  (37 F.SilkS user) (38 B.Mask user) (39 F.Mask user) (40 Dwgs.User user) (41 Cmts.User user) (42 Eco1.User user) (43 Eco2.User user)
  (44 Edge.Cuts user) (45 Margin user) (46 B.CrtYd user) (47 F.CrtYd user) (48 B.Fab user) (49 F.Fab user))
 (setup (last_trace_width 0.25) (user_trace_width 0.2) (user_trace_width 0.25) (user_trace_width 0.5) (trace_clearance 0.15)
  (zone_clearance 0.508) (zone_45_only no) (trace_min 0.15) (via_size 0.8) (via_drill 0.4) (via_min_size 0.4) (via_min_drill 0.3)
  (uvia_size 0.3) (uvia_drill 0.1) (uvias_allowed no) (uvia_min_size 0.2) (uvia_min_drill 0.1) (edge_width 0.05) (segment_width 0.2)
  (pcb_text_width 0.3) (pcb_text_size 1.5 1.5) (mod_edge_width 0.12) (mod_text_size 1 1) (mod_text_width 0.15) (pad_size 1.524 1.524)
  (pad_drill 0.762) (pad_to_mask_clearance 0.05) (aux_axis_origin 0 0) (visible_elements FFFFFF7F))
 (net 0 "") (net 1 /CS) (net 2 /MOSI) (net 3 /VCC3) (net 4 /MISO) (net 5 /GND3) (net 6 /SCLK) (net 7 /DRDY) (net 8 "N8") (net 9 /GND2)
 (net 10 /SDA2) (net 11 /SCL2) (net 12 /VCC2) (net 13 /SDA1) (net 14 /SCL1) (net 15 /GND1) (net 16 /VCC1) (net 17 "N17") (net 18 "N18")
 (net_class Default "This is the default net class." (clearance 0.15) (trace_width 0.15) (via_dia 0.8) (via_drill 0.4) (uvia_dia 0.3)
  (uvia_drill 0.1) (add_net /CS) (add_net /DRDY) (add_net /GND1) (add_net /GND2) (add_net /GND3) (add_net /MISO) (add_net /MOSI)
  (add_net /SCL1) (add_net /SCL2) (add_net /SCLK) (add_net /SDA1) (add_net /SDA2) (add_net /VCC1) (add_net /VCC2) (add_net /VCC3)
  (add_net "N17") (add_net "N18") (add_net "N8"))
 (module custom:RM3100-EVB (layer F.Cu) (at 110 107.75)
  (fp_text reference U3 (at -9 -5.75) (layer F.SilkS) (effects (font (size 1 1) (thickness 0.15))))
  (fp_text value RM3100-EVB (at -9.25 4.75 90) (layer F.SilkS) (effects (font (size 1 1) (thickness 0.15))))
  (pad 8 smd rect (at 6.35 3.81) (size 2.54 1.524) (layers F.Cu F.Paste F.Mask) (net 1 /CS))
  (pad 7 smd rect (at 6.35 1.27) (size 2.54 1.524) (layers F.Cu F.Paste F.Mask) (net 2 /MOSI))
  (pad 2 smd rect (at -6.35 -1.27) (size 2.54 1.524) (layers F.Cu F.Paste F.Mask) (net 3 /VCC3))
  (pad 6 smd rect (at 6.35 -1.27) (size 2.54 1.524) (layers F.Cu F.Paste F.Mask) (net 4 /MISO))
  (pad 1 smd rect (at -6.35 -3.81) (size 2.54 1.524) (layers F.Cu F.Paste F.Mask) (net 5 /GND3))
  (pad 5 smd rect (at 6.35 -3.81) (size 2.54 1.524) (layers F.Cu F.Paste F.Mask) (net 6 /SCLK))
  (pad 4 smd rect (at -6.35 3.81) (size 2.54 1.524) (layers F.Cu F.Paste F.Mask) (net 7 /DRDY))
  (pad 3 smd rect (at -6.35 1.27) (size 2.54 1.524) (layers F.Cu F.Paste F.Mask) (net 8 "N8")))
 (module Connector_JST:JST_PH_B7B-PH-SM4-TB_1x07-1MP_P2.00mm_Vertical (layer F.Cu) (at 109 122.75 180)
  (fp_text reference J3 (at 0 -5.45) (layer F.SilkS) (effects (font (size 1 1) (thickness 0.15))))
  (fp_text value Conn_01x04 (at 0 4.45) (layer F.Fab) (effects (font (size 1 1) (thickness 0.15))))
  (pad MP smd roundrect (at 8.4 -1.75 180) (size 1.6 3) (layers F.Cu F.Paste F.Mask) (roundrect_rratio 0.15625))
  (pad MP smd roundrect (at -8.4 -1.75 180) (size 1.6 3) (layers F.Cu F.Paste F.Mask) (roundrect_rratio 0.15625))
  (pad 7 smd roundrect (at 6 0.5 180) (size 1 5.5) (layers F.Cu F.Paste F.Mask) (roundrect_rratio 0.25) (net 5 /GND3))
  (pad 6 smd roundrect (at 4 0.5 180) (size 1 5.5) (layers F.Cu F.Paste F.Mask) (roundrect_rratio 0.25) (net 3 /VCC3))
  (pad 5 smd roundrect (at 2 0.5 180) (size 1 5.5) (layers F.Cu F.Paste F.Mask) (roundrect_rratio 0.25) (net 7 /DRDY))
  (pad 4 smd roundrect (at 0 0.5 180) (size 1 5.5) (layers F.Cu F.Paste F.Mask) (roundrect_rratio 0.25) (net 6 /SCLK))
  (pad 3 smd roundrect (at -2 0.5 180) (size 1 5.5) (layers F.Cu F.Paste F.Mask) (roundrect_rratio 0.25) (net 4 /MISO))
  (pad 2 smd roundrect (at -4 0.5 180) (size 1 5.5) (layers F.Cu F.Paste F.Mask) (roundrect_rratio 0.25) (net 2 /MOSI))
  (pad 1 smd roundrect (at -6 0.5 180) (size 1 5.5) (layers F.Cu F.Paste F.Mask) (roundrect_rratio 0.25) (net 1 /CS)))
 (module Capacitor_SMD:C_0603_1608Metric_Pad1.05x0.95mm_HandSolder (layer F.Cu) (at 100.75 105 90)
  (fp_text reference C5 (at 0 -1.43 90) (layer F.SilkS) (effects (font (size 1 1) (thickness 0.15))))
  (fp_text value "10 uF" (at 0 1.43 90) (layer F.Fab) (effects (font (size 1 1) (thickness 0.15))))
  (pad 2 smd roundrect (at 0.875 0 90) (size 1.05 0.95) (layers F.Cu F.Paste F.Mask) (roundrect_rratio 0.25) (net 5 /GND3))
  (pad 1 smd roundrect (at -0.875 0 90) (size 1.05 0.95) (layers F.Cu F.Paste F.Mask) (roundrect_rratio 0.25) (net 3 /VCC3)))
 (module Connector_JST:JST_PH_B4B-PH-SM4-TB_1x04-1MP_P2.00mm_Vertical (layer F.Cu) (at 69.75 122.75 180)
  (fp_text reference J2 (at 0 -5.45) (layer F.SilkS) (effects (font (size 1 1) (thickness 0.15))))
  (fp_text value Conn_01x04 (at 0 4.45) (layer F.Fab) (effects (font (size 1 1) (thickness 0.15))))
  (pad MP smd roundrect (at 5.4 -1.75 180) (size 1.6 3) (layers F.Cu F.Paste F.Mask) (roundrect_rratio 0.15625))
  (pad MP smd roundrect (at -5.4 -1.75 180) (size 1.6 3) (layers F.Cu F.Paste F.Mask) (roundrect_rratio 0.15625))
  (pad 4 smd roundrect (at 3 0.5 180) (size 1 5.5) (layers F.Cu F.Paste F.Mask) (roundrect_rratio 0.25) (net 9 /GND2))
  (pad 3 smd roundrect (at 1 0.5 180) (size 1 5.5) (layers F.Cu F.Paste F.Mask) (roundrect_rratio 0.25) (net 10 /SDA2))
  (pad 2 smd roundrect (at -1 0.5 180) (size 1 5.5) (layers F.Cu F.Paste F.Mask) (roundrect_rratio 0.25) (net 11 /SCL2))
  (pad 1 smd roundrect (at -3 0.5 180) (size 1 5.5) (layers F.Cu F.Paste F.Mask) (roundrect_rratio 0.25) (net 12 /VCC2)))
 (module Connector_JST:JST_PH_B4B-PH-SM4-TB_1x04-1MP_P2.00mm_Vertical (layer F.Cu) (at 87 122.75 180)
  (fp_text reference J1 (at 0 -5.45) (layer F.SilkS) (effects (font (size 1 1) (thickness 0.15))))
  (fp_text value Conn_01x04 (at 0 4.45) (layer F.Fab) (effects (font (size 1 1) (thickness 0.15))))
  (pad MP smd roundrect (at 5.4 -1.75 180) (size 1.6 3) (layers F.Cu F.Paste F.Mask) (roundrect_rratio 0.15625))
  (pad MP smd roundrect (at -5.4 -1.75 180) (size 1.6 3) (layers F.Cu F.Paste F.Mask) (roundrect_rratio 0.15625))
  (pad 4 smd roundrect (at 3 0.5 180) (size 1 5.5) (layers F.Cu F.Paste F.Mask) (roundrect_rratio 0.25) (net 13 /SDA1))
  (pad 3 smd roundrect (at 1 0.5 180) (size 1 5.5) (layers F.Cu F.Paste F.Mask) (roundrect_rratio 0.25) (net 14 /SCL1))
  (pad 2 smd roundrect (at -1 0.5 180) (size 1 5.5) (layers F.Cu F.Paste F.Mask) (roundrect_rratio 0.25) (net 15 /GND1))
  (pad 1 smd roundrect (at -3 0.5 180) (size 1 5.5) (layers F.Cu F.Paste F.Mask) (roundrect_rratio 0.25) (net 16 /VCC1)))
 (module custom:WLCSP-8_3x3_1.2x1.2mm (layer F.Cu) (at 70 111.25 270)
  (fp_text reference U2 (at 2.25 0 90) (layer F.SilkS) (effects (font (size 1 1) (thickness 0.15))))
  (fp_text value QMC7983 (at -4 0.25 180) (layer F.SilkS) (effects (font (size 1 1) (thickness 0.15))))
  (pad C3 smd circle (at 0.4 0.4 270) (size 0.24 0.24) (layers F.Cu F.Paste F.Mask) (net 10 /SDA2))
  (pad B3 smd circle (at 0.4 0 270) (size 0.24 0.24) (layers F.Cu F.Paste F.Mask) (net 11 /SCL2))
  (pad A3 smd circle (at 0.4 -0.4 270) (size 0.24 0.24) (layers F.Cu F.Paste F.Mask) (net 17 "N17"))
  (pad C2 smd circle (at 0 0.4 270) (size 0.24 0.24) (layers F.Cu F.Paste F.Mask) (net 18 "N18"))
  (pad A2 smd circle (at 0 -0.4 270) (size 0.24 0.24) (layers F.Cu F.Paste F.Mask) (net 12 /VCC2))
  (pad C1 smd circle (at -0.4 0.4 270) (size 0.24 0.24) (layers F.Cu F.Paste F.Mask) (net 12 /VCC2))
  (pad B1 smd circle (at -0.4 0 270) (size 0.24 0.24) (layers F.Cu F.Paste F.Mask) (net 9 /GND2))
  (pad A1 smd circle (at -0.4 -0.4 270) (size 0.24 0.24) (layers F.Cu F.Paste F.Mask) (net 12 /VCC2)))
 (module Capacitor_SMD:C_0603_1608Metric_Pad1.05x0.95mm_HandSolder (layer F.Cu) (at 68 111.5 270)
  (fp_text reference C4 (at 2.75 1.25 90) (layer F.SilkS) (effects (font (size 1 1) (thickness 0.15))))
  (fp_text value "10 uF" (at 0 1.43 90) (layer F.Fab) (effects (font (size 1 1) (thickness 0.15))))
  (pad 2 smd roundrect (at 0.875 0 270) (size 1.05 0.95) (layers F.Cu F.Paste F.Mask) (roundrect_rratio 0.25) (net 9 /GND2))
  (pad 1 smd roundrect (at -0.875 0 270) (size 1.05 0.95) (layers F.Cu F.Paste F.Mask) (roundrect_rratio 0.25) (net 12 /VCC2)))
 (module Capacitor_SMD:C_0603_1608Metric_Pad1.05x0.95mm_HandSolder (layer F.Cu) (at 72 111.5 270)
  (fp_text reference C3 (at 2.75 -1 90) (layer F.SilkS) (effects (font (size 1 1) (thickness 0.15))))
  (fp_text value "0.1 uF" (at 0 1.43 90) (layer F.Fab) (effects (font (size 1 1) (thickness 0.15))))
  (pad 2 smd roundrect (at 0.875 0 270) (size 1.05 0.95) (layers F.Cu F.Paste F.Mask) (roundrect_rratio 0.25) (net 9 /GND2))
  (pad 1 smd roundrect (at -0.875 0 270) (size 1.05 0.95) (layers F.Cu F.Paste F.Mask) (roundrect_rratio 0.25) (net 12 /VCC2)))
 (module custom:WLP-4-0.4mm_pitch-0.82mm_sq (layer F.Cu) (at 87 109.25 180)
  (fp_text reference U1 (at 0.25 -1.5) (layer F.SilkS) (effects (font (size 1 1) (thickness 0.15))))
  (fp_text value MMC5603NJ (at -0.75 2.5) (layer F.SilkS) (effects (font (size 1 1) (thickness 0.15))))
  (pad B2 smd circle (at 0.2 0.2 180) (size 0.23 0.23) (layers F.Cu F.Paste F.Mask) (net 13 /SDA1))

____

**TASK PROMPT:** Retype the entries above exactly, but only from the line containing "0.25) (net 13 /SDA1))" through the line containing "(pad B3 smd", both included.

**WRITTEN REPLY:**
  (pad 4 smd roundrect (at 3 0.5 180) (size 1 5.5) (layers F.Cu F.Paste F.Mask) (roundrect_rratio 0.25) (net 13 /SDA1))
  (pad 3 smd roundrect (at 1 0.5 180) (size 1 5.5) (layers F.Cu F.Paste F.Mask) (roundrect_rratio 0.25) (net 14 /SCL1))
  (pad 2 smd roundrect (at -1 0.5 180) (size 1 5.5) (layers F.Cu F.Paste F.Mask) (roundrect_rratio 0.25) (net 15 /GND1))
  (pad 1 smd roundrect (at -3 0.5 180) (size 1 5.5) (layers F.Cu F.Paste F.Mask) (roundrect_rratio 0.25) (net 16 /VCC1)))
 (module custom:WLCSP-8_3x3_1.2x1.2mm (layer F.Cu) (at 70 111.25 270)
  (fp_text reference U2 (at 2.25 0 90) (layer F.SilkS) (effects (font (size 1 1) (thickness 0.15))))
  (fp_text value QMC7983 (at -4 0.25 180) (layer F.SilkS) (effects (font (size 1 1) (thickness 0.15))))
  (pad C3 smd circle (at 0.4 0.4 270) (size 0.24 0.24) (layers F.Cu F.Paste F.Mask) (net 10 /SDA2))
  (pad B3 smd circle (at 0.4 0 270) (size 0.24 0.24) (layers F.Cu F.Paste F.Mask) (net 11 /SCL2))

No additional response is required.